Location
- 41 Greenland Street Liverpool, Merseyside, L1 0BS England 53°23′41″N 2°58′45″W﻿ / ﻿53.3948°N 2.9791°W

Information
- Type: University Technical College
- Established: 2013
- Founder: Phillip Lloyd
- Department for Education URN: 139588 Tables
- Ofsted: Reports
- Principal: Ms Jill Davies
- Gender: Mixed
- Age: 13 to 19
- Parent: Northern Schools Trust
- Website: https://lifesciencesutc.co.uk/

= Liverpool Life Sciences UTC =

Liverpool Life Sciences UTC, more commonly known as The UTC is a university technical college (UTC) which opened in September 2013 in Liverpool, England. The UTC is located in the Baltic Triangle, in the former Contemporary Urban Centre (CUC), a restored Victorian-era warehouse, which it shares with The Studio School Liverpool.

==Sponsors and partners==
The University of Liverpool is the university sponsor of Liverpool Life Sciences UTC. The other sponsors of the UTC are Merseybio, North Liverpool Academy, the Royal Liverpool and Broadgreen University Hospitals NHS Trust.

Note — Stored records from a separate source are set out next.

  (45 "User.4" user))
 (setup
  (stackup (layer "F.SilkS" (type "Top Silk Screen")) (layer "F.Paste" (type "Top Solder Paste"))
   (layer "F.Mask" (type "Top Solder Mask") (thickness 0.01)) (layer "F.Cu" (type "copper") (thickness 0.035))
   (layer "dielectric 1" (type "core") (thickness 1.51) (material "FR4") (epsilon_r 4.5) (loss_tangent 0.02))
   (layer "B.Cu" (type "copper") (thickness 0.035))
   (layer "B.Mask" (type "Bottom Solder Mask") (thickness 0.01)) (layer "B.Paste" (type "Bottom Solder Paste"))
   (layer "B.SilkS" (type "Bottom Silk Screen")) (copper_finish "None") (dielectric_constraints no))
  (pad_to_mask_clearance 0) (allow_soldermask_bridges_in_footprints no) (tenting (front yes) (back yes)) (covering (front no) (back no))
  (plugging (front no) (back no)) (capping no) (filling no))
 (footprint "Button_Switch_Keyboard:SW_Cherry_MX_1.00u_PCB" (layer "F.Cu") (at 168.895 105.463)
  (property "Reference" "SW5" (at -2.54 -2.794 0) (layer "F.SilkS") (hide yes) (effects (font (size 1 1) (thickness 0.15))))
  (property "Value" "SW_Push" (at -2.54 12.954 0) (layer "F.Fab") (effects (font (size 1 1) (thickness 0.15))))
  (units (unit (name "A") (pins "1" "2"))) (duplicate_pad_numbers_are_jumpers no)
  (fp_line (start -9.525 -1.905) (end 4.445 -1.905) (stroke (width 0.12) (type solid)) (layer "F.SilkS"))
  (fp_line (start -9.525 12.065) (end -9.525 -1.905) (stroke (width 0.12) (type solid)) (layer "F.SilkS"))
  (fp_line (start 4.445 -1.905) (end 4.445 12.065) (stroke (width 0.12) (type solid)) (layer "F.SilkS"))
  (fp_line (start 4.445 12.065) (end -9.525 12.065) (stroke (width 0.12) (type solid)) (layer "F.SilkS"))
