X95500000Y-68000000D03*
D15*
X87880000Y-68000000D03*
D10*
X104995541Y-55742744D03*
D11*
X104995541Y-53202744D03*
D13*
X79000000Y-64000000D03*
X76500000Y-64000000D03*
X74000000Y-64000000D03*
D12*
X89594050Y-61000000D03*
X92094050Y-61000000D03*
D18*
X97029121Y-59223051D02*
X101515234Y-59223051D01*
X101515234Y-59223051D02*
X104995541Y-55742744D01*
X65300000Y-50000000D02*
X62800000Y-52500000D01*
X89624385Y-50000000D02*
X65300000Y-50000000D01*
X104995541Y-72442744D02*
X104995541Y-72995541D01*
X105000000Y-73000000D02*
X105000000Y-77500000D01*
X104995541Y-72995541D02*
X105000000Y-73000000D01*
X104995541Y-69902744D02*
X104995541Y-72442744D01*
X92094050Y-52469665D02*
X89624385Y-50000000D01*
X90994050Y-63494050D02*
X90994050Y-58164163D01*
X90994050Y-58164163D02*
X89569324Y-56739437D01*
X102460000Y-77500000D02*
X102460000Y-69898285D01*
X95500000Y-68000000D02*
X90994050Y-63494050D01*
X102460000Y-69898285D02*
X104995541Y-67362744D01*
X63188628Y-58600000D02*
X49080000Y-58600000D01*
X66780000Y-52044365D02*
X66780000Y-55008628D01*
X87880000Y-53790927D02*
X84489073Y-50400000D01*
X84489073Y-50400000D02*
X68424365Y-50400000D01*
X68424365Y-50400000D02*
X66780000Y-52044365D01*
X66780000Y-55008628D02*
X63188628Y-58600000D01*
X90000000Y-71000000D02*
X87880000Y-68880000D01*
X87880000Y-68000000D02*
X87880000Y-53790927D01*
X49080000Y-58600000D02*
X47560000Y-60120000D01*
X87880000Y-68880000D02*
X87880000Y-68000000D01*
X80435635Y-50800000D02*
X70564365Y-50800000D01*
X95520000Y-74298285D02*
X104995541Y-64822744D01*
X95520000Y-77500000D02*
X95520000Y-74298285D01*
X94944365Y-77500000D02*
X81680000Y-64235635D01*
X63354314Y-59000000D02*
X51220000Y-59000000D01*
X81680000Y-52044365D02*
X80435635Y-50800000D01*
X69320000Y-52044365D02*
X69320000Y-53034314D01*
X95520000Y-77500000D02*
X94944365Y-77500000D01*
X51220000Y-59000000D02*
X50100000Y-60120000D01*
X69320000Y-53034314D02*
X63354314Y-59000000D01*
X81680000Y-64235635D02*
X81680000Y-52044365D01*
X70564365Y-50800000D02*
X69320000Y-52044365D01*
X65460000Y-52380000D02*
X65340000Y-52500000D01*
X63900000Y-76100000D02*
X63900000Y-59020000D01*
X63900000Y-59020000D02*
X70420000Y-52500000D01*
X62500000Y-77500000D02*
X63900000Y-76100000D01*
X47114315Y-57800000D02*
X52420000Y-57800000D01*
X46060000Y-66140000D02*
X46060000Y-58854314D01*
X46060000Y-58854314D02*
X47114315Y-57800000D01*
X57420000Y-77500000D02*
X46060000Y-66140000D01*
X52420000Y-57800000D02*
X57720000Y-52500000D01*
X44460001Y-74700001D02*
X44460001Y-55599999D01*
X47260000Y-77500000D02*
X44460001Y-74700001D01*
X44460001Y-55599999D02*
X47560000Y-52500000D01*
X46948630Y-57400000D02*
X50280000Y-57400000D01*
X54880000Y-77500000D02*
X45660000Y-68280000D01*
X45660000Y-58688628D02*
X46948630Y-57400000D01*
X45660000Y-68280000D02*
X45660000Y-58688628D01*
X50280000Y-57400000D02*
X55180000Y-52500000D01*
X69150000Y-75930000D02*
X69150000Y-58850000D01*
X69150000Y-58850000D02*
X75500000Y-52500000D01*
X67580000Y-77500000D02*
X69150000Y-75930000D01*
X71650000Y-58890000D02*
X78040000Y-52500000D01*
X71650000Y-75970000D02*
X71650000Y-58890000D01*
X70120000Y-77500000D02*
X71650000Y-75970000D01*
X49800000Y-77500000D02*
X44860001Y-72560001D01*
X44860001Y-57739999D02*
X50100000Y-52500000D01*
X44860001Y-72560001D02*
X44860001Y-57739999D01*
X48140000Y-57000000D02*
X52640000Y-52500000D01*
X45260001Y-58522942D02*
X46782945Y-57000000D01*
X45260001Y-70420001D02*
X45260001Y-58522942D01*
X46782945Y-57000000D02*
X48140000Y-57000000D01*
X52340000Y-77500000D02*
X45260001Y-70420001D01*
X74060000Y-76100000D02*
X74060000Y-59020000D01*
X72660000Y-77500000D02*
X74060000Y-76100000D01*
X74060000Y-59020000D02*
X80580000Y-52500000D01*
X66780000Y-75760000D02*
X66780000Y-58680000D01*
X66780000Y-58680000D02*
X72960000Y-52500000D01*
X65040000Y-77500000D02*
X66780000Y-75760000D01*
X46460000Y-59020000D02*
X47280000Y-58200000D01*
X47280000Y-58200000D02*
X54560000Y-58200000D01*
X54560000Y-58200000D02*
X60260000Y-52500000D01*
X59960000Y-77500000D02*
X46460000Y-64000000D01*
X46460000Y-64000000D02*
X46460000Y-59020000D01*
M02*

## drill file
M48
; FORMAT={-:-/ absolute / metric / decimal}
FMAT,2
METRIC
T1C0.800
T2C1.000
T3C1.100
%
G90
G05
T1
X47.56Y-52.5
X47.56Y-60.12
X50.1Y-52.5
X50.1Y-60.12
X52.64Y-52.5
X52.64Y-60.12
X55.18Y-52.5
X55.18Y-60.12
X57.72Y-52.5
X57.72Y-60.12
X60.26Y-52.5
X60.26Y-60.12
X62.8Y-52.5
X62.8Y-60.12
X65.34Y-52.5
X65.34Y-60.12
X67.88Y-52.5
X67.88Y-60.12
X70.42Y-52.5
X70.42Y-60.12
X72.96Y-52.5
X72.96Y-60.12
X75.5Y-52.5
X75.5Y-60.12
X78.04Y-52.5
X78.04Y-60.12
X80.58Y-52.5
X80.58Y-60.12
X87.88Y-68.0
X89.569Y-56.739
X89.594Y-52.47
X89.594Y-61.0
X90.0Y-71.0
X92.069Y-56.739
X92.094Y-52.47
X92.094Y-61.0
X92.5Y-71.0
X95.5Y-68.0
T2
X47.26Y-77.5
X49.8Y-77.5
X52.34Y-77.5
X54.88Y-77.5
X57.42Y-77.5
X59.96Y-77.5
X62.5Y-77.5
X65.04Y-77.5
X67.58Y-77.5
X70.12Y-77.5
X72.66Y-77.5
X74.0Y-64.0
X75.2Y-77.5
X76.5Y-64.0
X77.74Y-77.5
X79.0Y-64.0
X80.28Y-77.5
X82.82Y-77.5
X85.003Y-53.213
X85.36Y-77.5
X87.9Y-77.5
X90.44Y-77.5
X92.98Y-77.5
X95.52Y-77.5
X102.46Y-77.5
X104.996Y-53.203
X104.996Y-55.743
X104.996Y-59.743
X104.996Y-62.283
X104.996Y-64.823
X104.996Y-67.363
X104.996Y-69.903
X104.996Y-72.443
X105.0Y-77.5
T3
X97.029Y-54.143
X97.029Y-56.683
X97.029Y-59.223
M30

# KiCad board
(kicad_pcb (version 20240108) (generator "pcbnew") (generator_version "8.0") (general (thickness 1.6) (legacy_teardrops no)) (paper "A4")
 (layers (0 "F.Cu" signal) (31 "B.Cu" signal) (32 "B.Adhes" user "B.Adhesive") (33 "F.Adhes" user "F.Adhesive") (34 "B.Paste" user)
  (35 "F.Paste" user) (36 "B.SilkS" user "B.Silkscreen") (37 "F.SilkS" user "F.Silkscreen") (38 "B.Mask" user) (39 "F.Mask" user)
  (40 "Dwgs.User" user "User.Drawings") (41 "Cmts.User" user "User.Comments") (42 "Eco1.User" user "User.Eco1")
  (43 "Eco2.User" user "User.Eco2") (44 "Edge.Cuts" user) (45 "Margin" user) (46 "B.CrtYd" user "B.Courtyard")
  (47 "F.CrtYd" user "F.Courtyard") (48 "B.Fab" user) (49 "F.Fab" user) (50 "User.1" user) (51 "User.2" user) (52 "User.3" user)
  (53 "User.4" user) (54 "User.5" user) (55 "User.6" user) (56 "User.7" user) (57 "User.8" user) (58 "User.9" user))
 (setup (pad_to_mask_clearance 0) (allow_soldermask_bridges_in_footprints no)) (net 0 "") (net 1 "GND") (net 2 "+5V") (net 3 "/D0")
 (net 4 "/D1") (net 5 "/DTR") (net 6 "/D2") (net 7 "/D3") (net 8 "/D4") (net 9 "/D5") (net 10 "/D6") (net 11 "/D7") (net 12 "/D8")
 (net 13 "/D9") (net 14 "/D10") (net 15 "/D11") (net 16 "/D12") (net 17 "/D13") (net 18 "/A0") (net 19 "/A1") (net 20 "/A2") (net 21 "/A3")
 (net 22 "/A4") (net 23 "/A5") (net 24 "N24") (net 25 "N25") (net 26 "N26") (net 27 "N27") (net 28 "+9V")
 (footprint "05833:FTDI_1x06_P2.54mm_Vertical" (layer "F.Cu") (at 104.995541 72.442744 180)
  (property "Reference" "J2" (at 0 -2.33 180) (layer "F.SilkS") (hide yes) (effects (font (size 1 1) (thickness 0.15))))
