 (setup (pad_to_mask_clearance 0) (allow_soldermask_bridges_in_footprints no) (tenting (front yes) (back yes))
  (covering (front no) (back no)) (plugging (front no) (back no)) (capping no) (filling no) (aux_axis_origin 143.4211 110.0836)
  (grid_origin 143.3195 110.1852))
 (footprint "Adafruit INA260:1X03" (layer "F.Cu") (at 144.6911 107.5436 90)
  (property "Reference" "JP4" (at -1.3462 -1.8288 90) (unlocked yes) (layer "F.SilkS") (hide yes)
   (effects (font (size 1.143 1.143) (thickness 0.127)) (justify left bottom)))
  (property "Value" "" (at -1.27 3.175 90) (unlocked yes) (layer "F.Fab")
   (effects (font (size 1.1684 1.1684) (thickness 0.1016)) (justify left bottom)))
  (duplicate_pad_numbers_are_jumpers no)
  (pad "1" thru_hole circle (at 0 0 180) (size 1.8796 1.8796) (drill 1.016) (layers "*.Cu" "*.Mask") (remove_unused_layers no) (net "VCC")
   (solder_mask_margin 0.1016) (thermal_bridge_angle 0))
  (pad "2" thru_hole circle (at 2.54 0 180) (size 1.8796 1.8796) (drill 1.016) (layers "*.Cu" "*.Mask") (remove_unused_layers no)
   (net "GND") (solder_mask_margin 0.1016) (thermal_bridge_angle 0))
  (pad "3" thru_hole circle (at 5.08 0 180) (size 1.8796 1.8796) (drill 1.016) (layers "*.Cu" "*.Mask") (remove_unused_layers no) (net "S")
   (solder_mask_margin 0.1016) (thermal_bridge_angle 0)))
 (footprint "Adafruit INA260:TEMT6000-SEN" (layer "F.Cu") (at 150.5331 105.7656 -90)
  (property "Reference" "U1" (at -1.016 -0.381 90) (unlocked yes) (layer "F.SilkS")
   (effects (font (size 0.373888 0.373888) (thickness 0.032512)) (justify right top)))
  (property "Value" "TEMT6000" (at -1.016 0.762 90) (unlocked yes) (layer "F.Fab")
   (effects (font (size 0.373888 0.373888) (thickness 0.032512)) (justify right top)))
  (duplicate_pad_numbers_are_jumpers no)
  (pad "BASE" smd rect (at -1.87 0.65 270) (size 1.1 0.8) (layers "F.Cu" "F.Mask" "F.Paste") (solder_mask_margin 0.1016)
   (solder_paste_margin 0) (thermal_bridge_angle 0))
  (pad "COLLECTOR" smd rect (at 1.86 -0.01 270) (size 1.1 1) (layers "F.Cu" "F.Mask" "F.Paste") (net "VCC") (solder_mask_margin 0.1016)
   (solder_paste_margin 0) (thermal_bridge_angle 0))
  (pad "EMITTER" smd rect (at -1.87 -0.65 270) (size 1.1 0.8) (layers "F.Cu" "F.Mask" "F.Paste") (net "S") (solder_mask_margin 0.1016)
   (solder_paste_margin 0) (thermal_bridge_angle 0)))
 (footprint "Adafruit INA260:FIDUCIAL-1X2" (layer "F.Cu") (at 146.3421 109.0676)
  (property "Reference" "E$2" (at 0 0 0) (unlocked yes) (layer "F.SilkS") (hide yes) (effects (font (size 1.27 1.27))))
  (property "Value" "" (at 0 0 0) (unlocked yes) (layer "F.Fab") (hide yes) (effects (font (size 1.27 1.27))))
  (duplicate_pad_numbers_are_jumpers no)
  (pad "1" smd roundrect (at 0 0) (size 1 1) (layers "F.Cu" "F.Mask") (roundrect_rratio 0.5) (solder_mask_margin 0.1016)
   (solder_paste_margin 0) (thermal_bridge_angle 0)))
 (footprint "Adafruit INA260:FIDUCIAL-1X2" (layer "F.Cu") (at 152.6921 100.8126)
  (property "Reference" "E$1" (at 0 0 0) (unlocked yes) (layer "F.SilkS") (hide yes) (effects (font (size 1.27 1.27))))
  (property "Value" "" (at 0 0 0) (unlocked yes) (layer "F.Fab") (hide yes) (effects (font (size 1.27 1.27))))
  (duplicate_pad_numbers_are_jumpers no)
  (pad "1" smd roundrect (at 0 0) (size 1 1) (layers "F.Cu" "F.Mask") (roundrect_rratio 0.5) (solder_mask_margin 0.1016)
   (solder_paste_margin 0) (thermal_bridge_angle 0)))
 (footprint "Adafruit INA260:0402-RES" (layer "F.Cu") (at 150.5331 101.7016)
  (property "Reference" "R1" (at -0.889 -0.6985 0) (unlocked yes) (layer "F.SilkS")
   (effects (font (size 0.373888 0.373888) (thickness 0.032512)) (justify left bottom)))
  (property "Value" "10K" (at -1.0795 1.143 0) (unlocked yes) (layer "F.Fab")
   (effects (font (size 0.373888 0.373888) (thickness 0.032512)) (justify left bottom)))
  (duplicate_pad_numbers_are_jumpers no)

Business partners of the UTC include Novartis, Thermo Fisher Scientific and Unilever.

==Admissions==
The school has an annual intake of students aged 13 and 19 (academic years 9-13). There is capacity for 200 students in each year group.

The main catchment area of the UTC is the Liverpool City Region, which includes the five metropolitan boroughs which make up Merseyside and the Borough of Halton in Cheshire. Where the number of applications for admission to the UTC is greater than the number of places, places are allocated randomly to pupils from all of the six boroughs in the catchment area.

==Curriculum==
Liverpool Life Sciences UTC specialises in science, healthcare and engineering, with a particular focus on life sciences. Students follow one of four learning pathways that determine curriculum options. These pathways are the healthcare academic pathway, the healthcare vocational pathway, the leadership and management pathway and the scientific enquiry pathway. For pupils aged 13 to 16 the pathways lead to different combinations of qualifications which include GCSEs, BTECs and NVQs. For sixth form students the pathways lead to different combinations of A Levels, BTECs and NVQs.

==Baltic Research Institute==
Liverpool Life Sciences UTC is the only school in the United Kingdom that has its own student-run Institute. It consists of eight departments: Communications, Education/ Outreach, Business, Sustainability/ Conservation, Microbiology, Model Organisms, Molecular Biology & Advanced Manufacturing. The BRI (Baltic Research Institute) was launched in 2018 within the school's Innovation Labs.